- **GIVEN RECORDS**:
>>>
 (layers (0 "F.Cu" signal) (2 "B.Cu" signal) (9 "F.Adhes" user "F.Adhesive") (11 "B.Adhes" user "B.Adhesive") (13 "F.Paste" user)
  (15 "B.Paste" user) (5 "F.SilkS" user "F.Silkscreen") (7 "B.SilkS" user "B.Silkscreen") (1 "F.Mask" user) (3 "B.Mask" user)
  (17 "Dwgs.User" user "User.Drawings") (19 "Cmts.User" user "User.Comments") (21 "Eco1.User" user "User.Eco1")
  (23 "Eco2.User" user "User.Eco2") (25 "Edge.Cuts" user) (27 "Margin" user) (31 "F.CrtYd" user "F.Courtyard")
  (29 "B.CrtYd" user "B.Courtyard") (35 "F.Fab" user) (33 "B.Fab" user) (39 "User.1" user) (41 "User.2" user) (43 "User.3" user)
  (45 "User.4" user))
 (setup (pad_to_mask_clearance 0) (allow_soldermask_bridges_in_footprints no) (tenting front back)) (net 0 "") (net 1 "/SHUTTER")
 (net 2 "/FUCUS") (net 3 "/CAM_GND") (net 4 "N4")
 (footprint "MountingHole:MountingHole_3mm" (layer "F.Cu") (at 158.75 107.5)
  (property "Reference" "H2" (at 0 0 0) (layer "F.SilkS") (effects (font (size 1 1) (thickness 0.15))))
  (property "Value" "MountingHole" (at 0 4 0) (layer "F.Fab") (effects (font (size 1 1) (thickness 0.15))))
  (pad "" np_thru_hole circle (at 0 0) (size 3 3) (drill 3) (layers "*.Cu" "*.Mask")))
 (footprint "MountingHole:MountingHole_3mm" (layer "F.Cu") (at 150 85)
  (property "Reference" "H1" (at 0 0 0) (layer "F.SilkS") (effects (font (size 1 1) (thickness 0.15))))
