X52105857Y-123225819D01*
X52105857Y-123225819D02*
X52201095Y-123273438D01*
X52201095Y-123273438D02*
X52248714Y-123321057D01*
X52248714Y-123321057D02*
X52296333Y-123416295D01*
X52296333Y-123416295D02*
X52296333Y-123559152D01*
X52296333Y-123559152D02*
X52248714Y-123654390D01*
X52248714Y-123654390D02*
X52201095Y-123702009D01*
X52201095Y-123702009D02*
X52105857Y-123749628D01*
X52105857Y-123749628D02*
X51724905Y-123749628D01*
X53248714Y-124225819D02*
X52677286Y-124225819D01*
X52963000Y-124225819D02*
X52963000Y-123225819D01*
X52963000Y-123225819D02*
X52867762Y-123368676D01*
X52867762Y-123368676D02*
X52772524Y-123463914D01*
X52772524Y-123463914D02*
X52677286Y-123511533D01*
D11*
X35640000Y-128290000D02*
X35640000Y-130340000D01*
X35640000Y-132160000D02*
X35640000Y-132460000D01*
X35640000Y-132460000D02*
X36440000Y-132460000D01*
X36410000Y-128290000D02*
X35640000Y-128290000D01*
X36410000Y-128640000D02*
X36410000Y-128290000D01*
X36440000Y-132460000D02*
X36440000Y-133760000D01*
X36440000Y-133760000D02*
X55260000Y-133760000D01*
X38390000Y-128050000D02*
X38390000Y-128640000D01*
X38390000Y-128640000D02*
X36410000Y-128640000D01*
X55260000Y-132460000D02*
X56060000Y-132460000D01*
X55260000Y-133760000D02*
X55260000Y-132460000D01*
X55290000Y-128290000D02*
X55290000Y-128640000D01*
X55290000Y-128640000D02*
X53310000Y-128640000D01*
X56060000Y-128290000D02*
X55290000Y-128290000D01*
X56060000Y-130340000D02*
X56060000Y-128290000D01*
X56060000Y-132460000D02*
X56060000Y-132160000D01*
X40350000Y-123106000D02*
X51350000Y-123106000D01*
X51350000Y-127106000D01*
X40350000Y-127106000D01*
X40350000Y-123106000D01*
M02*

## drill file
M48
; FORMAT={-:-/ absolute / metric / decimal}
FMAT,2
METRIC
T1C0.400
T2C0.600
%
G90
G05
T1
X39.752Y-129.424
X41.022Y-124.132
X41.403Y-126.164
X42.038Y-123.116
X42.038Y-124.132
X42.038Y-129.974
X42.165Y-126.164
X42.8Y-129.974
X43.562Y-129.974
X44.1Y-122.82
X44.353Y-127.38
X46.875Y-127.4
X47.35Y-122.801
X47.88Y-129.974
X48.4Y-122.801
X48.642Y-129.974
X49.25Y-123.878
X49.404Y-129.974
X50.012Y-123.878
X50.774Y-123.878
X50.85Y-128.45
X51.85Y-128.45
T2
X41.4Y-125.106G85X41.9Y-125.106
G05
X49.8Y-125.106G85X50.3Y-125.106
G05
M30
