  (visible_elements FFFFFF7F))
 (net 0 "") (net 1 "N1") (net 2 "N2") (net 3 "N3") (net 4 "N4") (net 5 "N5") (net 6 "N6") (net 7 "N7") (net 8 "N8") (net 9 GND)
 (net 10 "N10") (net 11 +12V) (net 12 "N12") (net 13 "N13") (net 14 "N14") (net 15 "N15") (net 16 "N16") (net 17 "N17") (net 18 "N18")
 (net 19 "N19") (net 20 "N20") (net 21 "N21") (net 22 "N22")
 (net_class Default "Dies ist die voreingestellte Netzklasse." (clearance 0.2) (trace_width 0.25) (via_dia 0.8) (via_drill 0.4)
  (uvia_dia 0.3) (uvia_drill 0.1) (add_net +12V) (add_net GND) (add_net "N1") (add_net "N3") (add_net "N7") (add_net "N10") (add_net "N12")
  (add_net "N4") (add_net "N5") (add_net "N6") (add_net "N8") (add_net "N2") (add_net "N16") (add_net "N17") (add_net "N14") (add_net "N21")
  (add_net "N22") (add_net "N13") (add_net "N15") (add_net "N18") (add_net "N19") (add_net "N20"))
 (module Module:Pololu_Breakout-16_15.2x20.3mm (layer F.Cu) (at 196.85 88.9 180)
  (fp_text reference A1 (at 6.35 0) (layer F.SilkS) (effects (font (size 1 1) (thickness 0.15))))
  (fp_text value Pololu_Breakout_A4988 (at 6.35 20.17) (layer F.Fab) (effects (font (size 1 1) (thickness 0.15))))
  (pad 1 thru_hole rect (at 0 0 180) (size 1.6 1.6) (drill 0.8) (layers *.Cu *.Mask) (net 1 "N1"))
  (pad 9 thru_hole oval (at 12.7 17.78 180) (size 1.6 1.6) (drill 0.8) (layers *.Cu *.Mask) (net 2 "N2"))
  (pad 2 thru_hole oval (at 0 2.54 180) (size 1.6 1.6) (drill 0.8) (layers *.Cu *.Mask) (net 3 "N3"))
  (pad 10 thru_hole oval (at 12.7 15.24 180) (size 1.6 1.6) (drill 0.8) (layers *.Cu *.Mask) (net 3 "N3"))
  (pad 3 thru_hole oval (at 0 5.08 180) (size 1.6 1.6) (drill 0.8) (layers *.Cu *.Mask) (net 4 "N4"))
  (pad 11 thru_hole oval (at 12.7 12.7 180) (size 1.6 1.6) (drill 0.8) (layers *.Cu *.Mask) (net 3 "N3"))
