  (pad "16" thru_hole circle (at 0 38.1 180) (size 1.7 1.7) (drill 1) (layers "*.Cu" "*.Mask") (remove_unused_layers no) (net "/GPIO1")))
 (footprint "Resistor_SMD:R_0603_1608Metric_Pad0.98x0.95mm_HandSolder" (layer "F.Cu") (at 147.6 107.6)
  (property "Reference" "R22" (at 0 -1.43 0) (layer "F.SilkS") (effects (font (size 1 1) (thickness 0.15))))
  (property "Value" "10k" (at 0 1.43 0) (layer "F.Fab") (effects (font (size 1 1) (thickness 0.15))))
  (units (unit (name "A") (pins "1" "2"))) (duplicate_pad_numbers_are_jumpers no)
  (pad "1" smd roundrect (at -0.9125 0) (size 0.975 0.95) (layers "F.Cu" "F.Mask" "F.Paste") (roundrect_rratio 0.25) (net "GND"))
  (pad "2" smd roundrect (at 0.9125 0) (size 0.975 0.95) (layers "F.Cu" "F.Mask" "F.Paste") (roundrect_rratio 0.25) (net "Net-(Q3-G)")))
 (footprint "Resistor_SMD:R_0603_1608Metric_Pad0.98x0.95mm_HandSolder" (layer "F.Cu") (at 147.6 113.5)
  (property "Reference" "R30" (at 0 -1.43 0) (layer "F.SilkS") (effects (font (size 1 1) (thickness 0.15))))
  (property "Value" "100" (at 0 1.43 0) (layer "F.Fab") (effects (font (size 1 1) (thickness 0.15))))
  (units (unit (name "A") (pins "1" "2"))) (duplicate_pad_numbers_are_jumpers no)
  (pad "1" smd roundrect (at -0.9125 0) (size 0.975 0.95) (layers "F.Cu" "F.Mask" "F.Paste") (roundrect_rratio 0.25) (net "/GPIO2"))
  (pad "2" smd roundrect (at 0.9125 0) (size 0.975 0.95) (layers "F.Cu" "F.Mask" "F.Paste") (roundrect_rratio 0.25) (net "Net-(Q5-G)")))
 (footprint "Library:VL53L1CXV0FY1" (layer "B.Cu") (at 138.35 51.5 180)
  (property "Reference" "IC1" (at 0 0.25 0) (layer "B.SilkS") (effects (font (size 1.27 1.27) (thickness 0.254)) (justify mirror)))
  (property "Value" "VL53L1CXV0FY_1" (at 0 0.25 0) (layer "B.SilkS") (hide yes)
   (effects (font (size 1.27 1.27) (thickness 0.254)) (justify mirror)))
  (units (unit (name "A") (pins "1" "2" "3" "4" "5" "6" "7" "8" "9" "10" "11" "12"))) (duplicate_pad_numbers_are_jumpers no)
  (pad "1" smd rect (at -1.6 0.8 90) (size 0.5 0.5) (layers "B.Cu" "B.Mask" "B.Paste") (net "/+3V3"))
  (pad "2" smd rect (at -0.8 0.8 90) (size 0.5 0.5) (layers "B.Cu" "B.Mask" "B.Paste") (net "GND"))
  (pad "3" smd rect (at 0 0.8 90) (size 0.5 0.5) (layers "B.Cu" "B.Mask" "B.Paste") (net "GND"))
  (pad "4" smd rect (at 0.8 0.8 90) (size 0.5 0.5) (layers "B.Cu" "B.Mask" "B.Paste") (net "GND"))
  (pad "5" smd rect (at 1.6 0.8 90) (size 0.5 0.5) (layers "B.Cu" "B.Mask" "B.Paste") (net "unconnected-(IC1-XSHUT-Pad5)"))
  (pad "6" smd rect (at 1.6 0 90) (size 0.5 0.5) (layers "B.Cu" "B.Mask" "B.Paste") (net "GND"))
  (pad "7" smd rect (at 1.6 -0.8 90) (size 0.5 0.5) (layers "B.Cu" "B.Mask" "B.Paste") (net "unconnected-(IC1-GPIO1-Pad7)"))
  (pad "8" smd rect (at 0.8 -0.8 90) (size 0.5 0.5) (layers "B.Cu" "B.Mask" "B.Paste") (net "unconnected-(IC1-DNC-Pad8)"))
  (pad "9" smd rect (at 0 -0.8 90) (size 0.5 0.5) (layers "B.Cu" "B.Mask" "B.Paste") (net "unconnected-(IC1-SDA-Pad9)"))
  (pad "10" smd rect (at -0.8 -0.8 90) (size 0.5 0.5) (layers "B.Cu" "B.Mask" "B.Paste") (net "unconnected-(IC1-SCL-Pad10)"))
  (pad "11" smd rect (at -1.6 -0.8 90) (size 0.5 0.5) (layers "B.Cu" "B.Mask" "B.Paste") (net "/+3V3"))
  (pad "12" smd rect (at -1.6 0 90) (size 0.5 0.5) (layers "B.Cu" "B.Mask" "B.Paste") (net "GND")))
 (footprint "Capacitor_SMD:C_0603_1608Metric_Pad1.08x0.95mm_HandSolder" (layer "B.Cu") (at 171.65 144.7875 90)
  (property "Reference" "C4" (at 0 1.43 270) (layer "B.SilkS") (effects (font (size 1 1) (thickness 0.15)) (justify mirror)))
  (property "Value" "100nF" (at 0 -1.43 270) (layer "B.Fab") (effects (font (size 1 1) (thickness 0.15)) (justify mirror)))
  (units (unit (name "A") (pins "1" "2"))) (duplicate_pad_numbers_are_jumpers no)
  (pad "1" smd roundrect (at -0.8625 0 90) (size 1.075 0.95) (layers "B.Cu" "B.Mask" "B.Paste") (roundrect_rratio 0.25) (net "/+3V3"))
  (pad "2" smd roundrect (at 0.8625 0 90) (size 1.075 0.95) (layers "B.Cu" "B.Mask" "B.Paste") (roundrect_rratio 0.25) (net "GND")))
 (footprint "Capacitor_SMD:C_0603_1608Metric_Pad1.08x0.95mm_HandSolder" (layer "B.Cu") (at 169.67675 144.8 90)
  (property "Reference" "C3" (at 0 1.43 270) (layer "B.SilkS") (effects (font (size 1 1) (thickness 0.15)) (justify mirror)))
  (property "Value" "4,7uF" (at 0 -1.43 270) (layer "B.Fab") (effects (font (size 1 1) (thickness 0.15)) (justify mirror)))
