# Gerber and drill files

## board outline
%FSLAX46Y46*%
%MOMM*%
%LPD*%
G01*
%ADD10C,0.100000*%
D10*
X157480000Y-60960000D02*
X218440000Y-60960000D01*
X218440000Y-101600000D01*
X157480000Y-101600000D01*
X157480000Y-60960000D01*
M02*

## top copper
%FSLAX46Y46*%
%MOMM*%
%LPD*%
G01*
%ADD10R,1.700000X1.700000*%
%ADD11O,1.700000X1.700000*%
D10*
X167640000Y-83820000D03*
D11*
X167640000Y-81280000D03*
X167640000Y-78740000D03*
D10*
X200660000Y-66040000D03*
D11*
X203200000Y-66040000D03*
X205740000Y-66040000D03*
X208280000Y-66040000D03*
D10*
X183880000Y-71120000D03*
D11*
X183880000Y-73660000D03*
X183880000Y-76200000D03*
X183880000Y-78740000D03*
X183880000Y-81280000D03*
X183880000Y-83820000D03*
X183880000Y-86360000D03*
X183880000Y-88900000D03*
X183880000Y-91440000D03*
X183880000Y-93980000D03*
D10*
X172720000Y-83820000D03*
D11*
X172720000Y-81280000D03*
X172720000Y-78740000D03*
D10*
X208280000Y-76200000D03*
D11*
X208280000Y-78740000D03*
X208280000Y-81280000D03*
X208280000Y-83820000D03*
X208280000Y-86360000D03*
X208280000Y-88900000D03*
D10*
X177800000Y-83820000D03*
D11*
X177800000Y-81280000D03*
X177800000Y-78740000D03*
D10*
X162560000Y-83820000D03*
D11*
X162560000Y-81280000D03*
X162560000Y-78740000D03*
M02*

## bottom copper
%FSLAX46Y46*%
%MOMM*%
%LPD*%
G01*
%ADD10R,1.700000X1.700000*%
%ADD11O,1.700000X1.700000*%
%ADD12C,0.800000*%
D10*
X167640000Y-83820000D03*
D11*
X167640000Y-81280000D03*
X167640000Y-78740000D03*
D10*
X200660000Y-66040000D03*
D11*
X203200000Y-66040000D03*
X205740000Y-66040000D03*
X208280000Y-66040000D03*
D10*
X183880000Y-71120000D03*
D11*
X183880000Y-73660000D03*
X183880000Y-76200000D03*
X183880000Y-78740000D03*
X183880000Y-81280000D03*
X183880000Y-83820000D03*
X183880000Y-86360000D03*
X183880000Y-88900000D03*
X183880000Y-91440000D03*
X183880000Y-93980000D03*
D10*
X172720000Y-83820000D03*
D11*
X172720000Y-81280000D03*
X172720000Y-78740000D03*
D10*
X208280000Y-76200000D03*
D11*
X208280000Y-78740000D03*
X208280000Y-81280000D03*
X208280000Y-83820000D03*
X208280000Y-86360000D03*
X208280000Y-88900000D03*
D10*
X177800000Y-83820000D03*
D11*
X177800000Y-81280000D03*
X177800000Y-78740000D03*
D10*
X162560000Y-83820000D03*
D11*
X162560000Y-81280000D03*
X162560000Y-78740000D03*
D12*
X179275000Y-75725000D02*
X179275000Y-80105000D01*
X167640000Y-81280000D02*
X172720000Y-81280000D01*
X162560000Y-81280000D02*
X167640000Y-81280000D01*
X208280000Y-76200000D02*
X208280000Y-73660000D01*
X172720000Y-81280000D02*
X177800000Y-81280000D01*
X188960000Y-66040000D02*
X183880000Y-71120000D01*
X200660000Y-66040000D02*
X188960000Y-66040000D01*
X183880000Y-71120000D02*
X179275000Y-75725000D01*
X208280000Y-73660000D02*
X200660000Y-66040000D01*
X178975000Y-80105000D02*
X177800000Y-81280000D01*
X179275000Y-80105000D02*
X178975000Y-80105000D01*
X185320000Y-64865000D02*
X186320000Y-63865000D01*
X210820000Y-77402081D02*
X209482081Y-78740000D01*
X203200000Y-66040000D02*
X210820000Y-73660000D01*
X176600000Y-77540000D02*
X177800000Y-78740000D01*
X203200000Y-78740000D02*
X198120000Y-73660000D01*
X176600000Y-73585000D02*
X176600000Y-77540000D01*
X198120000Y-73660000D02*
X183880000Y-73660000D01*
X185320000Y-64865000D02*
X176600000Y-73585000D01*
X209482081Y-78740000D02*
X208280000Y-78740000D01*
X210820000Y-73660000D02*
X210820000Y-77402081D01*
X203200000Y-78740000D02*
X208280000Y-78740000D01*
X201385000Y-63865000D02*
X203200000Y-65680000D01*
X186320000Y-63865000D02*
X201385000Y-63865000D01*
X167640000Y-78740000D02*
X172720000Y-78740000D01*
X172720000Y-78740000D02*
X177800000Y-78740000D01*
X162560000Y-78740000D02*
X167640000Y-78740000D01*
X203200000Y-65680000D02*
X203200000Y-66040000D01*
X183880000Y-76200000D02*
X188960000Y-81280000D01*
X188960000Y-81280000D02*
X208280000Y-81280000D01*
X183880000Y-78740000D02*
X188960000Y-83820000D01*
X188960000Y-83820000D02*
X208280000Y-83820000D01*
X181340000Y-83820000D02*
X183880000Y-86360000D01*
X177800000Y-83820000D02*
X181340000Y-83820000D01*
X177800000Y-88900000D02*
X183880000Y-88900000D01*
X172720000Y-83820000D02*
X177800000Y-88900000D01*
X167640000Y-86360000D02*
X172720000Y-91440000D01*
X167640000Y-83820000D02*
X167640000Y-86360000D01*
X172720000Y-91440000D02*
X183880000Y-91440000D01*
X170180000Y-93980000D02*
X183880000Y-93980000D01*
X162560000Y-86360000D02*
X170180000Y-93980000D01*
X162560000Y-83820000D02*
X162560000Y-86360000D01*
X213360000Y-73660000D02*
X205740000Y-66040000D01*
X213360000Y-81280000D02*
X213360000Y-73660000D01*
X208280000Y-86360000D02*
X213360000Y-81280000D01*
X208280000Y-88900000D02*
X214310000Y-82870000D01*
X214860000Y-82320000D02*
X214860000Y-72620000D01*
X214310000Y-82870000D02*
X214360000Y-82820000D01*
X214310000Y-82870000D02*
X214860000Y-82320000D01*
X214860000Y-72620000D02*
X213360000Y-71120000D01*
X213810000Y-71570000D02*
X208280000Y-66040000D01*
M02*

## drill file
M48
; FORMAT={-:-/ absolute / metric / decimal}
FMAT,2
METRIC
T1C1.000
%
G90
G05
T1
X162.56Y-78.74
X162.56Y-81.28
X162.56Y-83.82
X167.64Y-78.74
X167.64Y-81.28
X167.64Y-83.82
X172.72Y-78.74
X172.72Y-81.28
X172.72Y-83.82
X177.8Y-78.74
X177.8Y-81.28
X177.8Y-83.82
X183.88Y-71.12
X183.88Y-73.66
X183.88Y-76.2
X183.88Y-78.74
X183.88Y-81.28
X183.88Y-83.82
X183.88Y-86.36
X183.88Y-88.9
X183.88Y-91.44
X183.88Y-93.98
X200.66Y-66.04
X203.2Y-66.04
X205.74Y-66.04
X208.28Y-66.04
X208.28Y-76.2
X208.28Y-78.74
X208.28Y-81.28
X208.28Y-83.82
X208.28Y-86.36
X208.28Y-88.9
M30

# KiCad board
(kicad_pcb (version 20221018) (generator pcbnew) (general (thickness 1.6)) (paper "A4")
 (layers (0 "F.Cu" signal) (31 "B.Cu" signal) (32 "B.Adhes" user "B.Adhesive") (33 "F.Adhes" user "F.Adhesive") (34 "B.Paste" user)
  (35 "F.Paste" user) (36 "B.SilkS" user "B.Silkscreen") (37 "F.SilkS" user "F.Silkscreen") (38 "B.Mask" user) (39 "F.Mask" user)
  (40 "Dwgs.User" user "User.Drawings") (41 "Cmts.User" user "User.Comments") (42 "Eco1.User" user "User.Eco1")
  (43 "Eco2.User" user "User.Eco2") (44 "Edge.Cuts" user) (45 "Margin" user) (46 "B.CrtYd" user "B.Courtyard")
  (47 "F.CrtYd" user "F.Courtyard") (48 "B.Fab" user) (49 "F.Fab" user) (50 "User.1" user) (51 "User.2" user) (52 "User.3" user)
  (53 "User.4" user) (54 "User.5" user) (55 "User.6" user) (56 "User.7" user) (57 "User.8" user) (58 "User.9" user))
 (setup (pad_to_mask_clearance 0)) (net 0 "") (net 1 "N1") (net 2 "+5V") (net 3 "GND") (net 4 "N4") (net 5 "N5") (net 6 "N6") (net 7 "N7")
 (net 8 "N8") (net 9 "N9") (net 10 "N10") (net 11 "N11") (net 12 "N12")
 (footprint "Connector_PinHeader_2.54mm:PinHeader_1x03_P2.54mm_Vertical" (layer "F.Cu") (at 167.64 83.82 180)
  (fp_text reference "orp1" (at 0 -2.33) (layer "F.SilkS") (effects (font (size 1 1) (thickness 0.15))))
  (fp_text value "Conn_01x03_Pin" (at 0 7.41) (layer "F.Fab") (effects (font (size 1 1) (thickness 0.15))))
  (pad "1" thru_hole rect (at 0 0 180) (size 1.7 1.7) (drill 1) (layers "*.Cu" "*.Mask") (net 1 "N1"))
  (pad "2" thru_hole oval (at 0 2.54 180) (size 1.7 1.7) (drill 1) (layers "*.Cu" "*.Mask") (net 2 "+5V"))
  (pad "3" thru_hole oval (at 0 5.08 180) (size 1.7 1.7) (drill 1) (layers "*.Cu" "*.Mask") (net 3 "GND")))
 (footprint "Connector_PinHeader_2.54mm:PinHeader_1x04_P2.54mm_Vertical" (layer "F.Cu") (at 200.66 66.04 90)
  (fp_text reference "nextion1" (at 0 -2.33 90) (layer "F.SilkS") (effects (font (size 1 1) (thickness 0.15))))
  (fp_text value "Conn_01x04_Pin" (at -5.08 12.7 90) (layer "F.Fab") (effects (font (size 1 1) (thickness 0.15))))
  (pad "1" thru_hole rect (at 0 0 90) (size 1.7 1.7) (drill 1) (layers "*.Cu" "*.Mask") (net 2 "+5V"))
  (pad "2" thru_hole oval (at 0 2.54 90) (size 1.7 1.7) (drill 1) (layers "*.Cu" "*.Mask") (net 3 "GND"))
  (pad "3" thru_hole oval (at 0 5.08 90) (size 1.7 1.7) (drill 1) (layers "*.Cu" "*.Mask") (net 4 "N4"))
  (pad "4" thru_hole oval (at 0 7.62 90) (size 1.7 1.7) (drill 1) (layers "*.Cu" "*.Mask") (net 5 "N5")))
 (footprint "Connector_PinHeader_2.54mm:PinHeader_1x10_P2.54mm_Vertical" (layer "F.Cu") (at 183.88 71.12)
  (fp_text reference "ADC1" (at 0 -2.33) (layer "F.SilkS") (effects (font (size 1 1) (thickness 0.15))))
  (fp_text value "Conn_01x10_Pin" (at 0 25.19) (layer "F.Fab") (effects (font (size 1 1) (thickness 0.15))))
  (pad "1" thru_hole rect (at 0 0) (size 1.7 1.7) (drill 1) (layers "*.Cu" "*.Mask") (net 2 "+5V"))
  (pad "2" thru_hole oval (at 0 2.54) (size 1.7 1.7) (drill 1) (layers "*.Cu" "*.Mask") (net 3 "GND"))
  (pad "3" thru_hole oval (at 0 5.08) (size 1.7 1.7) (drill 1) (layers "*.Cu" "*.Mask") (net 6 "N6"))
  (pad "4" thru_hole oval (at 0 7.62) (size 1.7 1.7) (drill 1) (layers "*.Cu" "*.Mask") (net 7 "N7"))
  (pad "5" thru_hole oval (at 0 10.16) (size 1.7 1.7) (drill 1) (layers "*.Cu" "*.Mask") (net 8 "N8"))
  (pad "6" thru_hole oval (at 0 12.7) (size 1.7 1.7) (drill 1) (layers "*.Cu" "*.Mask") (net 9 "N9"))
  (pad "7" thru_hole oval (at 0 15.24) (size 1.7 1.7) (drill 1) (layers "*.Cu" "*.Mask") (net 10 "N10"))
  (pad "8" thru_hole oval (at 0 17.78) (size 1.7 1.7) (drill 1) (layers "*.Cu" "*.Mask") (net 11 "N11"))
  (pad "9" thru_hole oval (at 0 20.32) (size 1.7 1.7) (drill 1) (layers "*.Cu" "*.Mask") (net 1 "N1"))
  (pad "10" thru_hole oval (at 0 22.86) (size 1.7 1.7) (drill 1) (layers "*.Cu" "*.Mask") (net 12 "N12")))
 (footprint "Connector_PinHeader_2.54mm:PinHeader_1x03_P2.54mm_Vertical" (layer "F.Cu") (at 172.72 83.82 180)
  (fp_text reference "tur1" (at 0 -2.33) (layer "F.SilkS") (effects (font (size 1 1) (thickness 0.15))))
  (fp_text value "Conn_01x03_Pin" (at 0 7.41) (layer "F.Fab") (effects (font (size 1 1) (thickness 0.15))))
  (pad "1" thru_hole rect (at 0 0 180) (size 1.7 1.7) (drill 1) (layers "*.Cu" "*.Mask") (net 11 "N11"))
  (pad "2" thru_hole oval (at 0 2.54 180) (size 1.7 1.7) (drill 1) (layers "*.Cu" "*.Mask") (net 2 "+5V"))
<<<
- **WHAT IS REQUIRED**:
Beginning with the line containing "X55290000Y-128290000D01*" and ending with the line containing "(visible_elements FFFFFF7F))", extract those lines exactly from the listing above, and only those.

- **ANSWER TO THIS PROBLEM**:
X55290000Y-128290000D01*
X56060000Y-130340000D02*
X56060000Y-128290000D01*
X56060000Y-132460000D02*
X56060000Y-132160000D01*
X40350000Y-123106000D02*
X51350000Y-123106000D01*
X51350000Y-127106000D01*
X40350000Y-127106000D01*
X40350000Y-123106000D01*
M02*

## drill file
M48
; FORMAT={-:-/ absolute / metric / decimal}
FMAT,2
METRIC
T1C0.400
T2C0.600
%
G90
G05
T1
X39.752Y-129.424
X41.022Y-124.132
X41.403Y-126.164
X42.038Y-123.116
X42.038Y-124.132
X42.038Y-129.974
X42.165Y-126.164
X42.8Y-129.974
X43.562Y-129.974
X44.1Y-122.82
X44.353Y-127.38
X46.875Y-127.4
X47.35Y-122.801
X47.88Y-129.974
X48.4Y-122.801
X48.642Y-129.974
X49.25Y-123.878
X49.404Y-129.974
X50.012Y-123.878
X50.774Y-123.878
X50.85Y-128.45
X51.85Y-128.45
T2
X41.4Y-125.106G85X41.9Y-125.106
G05
X49.8Y-125.106G85X50.3Y-125.106
G05
M30
  (visible_elements FFFFFF7F))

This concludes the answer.